> _Activity_
Find the word "SilkS" in the data. Return every line where it appears.

═════ Material for the task ═════

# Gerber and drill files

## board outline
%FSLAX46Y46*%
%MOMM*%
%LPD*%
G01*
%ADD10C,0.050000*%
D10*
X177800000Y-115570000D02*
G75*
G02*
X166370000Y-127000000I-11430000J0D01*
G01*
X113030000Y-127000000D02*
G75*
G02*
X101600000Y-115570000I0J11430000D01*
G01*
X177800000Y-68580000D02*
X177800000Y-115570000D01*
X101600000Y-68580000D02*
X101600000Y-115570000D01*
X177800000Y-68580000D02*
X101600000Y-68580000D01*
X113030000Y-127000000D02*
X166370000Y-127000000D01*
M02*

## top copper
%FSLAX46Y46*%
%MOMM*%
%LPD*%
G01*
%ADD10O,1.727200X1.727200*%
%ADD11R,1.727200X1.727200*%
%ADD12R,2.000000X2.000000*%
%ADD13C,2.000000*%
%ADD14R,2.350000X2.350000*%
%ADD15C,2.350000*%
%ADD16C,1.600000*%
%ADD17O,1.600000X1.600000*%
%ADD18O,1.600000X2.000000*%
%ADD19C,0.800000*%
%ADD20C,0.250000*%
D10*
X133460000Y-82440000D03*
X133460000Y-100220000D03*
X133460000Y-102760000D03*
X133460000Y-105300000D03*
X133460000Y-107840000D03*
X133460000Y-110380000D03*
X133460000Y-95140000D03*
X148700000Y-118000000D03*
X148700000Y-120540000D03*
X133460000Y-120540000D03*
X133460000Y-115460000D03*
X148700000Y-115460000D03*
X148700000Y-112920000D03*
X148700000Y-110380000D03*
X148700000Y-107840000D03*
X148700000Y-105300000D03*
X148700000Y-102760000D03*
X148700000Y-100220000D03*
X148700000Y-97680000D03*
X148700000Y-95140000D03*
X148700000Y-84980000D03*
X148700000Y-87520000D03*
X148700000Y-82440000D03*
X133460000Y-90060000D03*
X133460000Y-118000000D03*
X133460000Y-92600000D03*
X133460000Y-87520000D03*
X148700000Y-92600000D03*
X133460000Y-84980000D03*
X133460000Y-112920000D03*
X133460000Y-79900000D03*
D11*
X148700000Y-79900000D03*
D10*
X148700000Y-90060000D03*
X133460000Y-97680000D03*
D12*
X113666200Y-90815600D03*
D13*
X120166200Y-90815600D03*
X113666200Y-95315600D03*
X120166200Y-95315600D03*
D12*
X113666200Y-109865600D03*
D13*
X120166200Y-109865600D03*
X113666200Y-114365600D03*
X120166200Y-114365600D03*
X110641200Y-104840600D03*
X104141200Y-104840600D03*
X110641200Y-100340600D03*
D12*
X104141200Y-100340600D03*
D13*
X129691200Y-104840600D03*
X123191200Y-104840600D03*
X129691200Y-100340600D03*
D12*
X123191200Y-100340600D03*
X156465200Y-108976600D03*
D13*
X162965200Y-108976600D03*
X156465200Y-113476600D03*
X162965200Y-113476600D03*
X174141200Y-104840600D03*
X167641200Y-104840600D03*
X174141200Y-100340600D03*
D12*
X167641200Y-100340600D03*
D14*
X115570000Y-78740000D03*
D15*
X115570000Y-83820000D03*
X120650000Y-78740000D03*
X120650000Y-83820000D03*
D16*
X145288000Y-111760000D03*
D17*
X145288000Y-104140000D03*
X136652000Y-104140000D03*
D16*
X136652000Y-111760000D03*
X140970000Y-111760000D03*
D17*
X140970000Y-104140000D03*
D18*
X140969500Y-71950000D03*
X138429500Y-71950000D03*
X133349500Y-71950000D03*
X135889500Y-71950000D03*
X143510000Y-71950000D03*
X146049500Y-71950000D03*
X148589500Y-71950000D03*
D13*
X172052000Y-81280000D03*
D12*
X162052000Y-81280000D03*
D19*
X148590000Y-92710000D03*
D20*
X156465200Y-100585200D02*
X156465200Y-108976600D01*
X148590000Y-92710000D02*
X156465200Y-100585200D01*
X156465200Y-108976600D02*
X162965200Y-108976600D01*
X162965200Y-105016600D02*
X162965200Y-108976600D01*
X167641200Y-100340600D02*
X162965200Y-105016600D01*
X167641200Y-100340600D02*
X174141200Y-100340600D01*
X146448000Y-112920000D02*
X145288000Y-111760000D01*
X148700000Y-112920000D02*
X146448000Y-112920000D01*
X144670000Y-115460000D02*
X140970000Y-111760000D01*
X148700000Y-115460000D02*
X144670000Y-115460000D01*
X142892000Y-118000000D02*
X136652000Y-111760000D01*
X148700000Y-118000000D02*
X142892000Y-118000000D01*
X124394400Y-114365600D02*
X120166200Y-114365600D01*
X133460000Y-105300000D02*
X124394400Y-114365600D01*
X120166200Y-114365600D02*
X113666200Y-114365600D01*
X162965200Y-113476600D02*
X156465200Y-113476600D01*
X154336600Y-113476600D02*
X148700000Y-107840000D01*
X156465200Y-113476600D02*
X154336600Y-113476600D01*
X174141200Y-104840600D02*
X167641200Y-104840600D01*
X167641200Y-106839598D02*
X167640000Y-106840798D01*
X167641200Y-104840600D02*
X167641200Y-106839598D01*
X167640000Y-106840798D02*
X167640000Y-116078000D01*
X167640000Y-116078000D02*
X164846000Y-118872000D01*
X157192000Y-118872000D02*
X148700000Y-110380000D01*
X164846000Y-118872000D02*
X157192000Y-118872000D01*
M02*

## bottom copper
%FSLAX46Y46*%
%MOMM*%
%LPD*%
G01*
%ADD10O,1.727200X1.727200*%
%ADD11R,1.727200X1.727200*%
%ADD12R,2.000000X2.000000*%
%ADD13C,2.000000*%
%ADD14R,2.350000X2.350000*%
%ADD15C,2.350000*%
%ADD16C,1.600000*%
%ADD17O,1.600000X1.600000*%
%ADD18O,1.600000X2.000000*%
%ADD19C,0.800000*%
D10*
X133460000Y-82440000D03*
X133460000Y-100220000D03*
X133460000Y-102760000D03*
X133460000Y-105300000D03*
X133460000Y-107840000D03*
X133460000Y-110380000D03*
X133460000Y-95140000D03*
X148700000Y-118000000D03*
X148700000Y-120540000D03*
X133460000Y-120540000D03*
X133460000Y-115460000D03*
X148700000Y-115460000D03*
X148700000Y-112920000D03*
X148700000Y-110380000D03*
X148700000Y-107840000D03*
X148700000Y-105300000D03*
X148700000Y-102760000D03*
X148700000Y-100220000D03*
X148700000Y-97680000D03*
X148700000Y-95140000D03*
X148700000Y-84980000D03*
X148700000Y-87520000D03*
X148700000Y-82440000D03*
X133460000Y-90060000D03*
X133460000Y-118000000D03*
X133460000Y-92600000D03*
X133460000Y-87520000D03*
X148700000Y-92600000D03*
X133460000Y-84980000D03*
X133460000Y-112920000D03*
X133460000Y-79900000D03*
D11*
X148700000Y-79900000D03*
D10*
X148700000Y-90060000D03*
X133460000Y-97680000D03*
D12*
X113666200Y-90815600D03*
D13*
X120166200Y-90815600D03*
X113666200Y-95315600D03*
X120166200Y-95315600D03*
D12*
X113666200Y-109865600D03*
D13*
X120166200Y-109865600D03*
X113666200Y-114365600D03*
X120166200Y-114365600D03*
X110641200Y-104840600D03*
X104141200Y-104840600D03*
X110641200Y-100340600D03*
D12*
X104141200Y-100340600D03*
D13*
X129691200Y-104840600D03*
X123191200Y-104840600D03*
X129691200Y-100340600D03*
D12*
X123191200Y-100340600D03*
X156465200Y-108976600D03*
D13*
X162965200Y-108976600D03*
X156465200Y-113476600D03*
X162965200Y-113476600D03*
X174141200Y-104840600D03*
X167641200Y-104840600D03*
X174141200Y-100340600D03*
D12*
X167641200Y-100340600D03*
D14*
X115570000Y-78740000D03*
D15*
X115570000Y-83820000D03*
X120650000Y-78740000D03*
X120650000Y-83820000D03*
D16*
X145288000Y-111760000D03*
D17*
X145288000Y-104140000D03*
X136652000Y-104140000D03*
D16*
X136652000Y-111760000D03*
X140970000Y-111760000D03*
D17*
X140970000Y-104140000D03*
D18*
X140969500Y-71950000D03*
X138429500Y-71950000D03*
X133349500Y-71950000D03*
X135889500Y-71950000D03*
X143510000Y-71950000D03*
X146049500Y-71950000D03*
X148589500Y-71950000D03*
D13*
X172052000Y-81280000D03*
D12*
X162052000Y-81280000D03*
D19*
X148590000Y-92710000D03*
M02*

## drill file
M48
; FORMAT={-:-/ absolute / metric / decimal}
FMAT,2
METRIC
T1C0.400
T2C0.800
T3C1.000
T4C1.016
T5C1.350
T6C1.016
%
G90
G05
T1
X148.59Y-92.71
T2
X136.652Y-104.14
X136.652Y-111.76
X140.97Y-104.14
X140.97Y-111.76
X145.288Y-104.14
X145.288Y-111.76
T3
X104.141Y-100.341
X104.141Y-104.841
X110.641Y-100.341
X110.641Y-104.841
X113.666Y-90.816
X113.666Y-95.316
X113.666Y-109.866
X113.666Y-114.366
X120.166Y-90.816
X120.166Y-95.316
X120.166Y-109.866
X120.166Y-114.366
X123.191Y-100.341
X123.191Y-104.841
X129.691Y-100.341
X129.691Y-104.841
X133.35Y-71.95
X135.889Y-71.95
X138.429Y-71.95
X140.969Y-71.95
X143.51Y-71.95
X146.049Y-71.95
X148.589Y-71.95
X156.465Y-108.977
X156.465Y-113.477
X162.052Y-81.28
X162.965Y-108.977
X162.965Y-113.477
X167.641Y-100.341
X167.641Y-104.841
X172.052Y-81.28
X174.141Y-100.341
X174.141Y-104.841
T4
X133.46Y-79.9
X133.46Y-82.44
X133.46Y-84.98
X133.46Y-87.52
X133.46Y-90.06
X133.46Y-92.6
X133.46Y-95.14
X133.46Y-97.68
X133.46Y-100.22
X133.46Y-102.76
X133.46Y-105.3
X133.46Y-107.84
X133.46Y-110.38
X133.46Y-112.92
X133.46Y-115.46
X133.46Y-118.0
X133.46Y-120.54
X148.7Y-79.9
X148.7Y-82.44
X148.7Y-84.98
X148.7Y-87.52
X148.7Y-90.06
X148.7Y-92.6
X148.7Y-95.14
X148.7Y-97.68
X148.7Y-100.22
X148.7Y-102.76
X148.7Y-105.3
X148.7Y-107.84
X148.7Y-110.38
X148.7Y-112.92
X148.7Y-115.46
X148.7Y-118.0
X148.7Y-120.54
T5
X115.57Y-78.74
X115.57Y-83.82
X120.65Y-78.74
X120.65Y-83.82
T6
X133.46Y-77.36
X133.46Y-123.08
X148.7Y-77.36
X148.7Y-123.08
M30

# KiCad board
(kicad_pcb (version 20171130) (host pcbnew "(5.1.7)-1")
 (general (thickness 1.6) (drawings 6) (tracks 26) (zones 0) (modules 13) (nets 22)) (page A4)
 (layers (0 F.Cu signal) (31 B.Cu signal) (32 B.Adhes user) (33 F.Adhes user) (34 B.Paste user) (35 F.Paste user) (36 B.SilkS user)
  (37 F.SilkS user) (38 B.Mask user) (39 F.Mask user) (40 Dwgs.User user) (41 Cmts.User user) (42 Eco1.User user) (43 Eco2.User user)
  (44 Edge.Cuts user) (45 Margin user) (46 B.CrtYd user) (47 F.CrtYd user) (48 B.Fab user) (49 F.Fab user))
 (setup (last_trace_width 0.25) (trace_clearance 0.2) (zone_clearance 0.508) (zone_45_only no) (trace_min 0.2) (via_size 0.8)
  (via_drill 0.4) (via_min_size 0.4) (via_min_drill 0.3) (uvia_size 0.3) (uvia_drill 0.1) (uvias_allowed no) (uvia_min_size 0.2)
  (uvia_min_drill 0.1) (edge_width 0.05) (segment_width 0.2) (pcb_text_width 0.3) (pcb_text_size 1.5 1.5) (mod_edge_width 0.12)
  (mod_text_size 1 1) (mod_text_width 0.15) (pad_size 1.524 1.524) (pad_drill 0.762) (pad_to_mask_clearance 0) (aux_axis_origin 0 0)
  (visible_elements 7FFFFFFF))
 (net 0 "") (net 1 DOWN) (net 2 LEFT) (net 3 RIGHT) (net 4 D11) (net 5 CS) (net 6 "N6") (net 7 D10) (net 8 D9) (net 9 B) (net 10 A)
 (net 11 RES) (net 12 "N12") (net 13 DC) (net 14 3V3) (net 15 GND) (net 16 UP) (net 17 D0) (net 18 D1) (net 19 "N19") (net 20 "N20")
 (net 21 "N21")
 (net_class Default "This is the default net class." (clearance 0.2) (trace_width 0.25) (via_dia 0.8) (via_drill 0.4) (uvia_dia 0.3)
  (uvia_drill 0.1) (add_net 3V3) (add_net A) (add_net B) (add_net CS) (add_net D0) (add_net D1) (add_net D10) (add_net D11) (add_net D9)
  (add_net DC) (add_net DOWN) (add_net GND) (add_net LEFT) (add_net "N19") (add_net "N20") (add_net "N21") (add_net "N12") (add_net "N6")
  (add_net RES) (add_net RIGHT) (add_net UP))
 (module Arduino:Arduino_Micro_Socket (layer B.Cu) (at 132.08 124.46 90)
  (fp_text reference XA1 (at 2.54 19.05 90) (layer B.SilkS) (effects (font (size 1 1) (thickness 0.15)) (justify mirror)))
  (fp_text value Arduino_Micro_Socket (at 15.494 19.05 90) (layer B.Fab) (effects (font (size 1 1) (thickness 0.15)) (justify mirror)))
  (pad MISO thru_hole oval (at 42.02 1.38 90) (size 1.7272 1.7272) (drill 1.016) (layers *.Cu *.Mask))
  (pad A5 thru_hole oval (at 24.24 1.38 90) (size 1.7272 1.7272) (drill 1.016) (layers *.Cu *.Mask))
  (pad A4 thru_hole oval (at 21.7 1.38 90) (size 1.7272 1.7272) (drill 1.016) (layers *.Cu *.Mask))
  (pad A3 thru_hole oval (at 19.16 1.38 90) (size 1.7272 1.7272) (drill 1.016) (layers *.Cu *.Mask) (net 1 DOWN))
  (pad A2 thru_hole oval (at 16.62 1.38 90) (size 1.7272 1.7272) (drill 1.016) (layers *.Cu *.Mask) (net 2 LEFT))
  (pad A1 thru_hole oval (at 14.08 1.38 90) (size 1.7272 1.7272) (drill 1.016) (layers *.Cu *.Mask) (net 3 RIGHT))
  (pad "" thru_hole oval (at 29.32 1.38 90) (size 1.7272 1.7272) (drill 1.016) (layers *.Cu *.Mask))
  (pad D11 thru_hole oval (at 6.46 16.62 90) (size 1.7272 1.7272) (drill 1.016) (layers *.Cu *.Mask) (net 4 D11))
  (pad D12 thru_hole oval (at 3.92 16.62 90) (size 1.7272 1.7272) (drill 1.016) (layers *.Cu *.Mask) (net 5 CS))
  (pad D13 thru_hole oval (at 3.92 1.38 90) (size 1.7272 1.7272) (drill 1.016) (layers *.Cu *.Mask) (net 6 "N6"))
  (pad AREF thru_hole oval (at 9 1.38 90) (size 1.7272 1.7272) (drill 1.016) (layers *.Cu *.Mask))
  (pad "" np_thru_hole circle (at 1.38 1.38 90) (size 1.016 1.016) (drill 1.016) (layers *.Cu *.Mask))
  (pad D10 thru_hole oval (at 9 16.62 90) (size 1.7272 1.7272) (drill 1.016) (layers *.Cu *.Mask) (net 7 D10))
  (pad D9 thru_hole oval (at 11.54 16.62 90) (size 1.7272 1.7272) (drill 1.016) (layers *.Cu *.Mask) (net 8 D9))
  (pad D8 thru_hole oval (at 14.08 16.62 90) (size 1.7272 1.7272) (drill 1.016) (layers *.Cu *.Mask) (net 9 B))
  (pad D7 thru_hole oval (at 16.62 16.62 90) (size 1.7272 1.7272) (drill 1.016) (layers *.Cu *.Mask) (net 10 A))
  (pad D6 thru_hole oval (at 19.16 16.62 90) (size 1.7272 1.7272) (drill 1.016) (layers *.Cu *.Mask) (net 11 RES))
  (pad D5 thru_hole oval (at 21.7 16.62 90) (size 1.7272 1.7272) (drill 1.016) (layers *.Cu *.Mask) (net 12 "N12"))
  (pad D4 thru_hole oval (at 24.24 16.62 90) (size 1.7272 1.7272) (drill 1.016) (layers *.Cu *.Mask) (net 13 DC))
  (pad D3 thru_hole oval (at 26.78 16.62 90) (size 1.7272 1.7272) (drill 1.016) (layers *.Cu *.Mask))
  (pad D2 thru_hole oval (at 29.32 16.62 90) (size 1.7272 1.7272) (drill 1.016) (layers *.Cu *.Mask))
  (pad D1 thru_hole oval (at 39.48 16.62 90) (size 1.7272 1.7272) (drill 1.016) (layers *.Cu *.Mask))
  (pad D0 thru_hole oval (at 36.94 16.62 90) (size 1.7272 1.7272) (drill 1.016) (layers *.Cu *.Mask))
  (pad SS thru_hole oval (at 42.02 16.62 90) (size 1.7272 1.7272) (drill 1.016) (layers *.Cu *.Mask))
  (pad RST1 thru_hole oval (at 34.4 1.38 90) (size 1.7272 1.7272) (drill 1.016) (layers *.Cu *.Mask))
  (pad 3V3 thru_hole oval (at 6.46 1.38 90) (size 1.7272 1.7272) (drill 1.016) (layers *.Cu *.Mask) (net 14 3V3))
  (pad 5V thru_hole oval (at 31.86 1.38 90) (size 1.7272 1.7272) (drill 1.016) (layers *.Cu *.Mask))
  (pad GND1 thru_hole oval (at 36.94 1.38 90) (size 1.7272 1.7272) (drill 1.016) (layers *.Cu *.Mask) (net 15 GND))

═════

> _Exercise response_
 (layers (0 F.Cu signal) (31 B.Cu signal) (32 B.Adhes user) (33 F.Adhes user) (34 B.Paste user) (35 F.Paste user) (36 B.SilkS user)
  (37 F.SilkS user) (38 B.Mask user) (39 F.Mask user) (40 Dwgs.User user) (41 Cmts.User user) (42 Eco1.User user) (43 Eco2.User user)
  (fp_text reference XA1 (at 2.54 19.05 90) (layer B.SilkS) (effects (font (size 1 1) (thickness 0.15)) (justify mirror)))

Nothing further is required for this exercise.